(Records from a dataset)
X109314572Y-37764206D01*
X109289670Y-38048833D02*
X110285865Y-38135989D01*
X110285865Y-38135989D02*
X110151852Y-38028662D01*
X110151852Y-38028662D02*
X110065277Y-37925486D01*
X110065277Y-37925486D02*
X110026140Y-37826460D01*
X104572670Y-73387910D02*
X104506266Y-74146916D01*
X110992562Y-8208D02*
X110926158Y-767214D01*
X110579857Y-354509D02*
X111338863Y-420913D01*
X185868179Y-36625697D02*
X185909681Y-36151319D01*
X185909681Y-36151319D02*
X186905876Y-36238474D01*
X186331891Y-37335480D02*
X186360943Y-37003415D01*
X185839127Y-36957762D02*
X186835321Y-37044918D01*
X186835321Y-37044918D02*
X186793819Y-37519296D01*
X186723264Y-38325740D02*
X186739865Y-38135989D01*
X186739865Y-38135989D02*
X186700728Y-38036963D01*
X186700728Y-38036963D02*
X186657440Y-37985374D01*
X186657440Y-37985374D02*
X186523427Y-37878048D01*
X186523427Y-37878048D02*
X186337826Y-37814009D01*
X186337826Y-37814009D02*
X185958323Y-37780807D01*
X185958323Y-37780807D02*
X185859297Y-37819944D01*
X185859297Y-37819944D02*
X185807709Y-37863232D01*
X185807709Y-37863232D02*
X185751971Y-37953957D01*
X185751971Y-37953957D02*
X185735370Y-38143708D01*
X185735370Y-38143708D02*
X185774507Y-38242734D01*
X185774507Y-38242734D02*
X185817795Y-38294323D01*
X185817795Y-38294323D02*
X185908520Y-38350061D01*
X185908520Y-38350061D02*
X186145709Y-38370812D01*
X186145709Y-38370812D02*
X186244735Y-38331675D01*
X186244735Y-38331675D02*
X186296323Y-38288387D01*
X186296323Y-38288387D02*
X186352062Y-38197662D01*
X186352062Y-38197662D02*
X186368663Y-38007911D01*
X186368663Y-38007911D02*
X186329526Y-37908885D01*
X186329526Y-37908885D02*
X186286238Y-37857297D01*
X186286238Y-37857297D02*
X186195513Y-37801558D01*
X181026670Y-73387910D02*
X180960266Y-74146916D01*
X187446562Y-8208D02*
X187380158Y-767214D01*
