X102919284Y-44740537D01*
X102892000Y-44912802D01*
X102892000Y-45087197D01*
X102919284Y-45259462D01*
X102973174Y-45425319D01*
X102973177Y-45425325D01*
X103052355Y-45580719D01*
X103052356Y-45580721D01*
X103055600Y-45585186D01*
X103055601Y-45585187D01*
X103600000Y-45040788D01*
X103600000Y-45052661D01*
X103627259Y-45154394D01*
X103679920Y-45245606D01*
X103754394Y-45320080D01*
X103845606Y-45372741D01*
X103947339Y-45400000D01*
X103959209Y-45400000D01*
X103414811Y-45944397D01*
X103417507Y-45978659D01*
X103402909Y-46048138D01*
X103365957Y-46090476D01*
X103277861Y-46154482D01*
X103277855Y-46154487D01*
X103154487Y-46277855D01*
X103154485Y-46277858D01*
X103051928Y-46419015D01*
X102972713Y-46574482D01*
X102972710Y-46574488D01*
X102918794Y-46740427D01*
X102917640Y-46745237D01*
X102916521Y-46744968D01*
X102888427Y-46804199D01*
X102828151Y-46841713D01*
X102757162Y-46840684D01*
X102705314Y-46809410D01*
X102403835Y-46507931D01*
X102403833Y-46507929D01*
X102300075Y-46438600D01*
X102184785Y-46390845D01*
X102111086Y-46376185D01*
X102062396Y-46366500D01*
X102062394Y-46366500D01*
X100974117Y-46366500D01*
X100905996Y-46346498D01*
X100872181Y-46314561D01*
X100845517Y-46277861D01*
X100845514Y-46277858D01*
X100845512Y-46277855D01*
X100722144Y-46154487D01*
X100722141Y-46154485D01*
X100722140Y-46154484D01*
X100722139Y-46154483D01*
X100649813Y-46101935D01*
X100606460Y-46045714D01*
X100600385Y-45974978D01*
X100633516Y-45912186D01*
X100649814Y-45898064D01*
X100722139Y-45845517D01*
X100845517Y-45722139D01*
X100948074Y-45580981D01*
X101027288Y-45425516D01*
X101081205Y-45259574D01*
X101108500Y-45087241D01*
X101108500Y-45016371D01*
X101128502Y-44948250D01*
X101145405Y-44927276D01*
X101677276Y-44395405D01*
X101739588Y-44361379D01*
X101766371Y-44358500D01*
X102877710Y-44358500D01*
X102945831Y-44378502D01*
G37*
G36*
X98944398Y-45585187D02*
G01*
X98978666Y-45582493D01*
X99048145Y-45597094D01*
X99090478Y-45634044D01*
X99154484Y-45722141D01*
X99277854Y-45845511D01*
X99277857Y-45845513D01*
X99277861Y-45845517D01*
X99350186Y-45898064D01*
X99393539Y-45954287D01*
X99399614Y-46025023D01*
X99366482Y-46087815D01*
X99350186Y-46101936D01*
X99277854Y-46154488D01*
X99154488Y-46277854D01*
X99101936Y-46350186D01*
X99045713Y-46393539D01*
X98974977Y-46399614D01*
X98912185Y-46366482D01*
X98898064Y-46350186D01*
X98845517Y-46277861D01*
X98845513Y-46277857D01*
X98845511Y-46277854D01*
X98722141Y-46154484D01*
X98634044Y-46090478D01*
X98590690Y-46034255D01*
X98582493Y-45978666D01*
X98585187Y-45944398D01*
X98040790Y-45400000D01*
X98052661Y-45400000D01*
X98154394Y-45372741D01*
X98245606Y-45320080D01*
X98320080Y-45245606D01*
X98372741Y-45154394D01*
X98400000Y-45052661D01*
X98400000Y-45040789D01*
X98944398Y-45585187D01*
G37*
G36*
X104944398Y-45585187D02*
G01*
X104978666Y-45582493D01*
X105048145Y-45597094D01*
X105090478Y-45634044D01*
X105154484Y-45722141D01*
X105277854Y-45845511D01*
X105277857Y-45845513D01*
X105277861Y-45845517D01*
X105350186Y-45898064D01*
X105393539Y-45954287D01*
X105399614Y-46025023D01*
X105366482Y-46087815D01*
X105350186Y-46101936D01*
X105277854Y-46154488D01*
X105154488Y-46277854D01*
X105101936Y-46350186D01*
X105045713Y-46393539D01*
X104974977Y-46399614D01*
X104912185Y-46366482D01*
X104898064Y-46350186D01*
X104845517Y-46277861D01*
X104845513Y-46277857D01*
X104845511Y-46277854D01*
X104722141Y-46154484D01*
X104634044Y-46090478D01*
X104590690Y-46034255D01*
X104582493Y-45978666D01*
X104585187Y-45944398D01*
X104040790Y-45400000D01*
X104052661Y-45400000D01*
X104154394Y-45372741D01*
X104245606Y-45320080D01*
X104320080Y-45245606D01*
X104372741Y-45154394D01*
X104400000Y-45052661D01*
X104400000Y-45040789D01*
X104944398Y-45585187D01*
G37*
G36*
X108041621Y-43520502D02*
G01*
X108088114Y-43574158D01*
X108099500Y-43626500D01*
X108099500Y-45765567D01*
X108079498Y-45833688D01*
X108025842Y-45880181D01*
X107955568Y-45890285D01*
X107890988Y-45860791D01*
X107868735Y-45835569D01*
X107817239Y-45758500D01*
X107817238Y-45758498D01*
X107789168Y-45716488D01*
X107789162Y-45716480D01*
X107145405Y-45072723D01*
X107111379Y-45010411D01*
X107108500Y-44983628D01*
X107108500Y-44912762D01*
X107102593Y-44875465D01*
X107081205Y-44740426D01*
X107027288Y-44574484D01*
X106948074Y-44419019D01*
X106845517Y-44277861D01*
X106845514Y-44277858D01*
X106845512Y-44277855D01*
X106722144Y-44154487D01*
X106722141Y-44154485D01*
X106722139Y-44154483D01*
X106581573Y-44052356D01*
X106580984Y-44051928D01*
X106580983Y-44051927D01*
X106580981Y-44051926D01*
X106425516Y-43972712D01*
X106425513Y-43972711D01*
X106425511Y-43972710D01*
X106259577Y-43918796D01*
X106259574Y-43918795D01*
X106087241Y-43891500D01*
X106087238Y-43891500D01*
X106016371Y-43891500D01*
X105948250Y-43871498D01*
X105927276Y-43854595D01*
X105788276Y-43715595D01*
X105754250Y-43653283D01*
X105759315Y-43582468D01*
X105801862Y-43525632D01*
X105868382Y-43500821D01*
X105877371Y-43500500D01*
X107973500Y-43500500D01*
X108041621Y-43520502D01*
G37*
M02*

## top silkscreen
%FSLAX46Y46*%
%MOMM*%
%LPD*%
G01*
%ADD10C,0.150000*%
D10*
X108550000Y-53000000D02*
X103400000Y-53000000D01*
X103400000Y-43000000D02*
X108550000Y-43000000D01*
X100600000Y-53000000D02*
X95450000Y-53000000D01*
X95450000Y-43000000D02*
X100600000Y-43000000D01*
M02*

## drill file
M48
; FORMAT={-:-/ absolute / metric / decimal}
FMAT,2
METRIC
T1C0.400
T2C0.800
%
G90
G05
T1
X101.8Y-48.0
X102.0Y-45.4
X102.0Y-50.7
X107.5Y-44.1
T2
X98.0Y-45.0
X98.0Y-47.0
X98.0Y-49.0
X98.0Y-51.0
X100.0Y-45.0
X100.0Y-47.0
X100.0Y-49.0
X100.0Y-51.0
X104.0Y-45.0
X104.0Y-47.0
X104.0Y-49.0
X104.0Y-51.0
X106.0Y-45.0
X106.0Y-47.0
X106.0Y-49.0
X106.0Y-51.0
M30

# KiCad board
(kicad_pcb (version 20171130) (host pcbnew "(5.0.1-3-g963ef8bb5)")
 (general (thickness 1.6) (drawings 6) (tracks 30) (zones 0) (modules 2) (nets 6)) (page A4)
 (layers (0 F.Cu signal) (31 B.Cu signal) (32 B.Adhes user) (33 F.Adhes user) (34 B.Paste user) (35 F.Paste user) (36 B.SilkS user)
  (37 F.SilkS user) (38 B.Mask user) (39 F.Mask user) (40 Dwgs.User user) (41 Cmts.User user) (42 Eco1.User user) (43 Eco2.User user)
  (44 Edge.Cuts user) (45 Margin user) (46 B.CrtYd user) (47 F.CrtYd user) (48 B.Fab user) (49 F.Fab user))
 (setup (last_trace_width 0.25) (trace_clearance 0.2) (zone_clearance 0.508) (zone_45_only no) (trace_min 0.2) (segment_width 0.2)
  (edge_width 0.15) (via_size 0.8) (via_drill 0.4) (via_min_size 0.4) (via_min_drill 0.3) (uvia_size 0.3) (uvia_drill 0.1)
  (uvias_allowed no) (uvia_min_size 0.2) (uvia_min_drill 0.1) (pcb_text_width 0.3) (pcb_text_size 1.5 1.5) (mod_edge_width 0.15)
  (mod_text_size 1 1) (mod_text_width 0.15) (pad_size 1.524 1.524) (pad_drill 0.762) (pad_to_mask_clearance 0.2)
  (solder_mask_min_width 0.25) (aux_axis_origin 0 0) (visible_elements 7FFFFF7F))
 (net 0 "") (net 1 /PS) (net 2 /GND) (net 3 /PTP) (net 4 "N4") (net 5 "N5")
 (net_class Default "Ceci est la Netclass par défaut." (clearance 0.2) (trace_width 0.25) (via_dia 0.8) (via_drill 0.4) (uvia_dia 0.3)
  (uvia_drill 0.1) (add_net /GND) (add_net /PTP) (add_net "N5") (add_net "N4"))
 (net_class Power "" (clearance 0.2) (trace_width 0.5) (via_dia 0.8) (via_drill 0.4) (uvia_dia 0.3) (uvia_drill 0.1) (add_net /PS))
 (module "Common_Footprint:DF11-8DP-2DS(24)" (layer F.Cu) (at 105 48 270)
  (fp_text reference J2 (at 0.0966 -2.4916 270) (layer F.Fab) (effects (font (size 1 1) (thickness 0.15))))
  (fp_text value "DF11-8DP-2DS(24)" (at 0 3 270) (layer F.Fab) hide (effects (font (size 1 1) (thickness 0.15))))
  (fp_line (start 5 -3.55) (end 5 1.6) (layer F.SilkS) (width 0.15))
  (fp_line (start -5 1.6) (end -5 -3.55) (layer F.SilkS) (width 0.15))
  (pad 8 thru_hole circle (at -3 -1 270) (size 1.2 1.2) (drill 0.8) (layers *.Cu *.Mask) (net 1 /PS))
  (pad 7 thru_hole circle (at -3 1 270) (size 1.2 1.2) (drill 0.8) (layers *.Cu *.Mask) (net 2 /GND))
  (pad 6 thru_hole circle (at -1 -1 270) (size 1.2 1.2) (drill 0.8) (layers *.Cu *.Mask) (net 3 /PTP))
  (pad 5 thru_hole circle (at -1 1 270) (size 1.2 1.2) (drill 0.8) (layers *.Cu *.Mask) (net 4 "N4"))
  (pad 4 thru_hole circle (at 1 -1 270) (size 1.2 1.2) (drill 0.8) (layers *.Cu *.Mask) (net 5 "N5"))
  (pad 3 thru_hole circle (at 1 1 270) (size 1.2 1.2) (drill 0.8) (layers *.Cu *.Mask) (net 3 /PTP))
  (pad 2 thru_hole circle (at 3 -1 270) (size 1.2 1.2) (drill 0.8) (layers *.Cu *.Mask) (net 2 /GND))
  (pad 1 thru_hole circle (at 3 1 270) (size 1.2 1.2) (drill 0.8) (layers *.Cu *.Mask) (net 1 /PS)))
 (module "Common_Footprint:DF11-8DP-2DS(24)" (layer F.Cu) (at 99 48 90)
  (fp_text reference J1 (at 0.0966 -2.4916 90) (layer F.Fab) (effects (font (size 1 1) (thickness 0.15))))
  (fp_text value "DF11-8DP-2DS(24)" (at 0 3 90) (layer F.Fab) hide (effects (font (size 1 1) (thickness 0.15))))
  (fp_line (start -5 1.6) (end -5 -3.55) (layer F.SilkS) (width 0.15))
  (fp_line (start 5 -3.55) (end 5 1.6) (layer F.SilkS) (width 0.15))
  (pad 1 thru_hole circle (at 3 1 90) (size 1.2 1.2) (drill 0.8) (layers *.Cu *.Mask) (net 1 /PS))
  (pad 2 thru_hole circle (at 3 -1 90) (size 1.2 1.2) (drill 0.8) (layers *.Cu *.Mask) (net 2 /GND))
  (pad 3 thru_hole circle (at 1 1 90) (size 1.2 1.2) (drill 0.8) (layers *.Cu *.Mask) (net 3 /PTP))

What you should do: Each line of the data that has the string "thickness" should be returned.

Task output:
 (general (thickness 1.6) (drawings 6) (tracks 30) (zones 0) (modules 2) (nets 6)) (page A4)
  (fp_text reference J2 (at 0.0966 -2.4916 270) (layer F.Fab) (effects (font (size 1 1) (thickness 0.15))))
  (fp_text value "DF11-8DP-2DS(24)" (at 0 3 270) (layer F.Fab) hide (effects (font (size 1 1) (thickness 0.15))))
  (fp_text reference J1 (at 0.0966 -2.4916 90) (layer F.Fab) (effects (font (size 1 1) (thickness 0.15))))
  (fp_text value "DF11-8DP-2DS(24)" (at 0 3 90) (layer F.Fab) hide (effects (font (size 1 1) (thickness 0.15))))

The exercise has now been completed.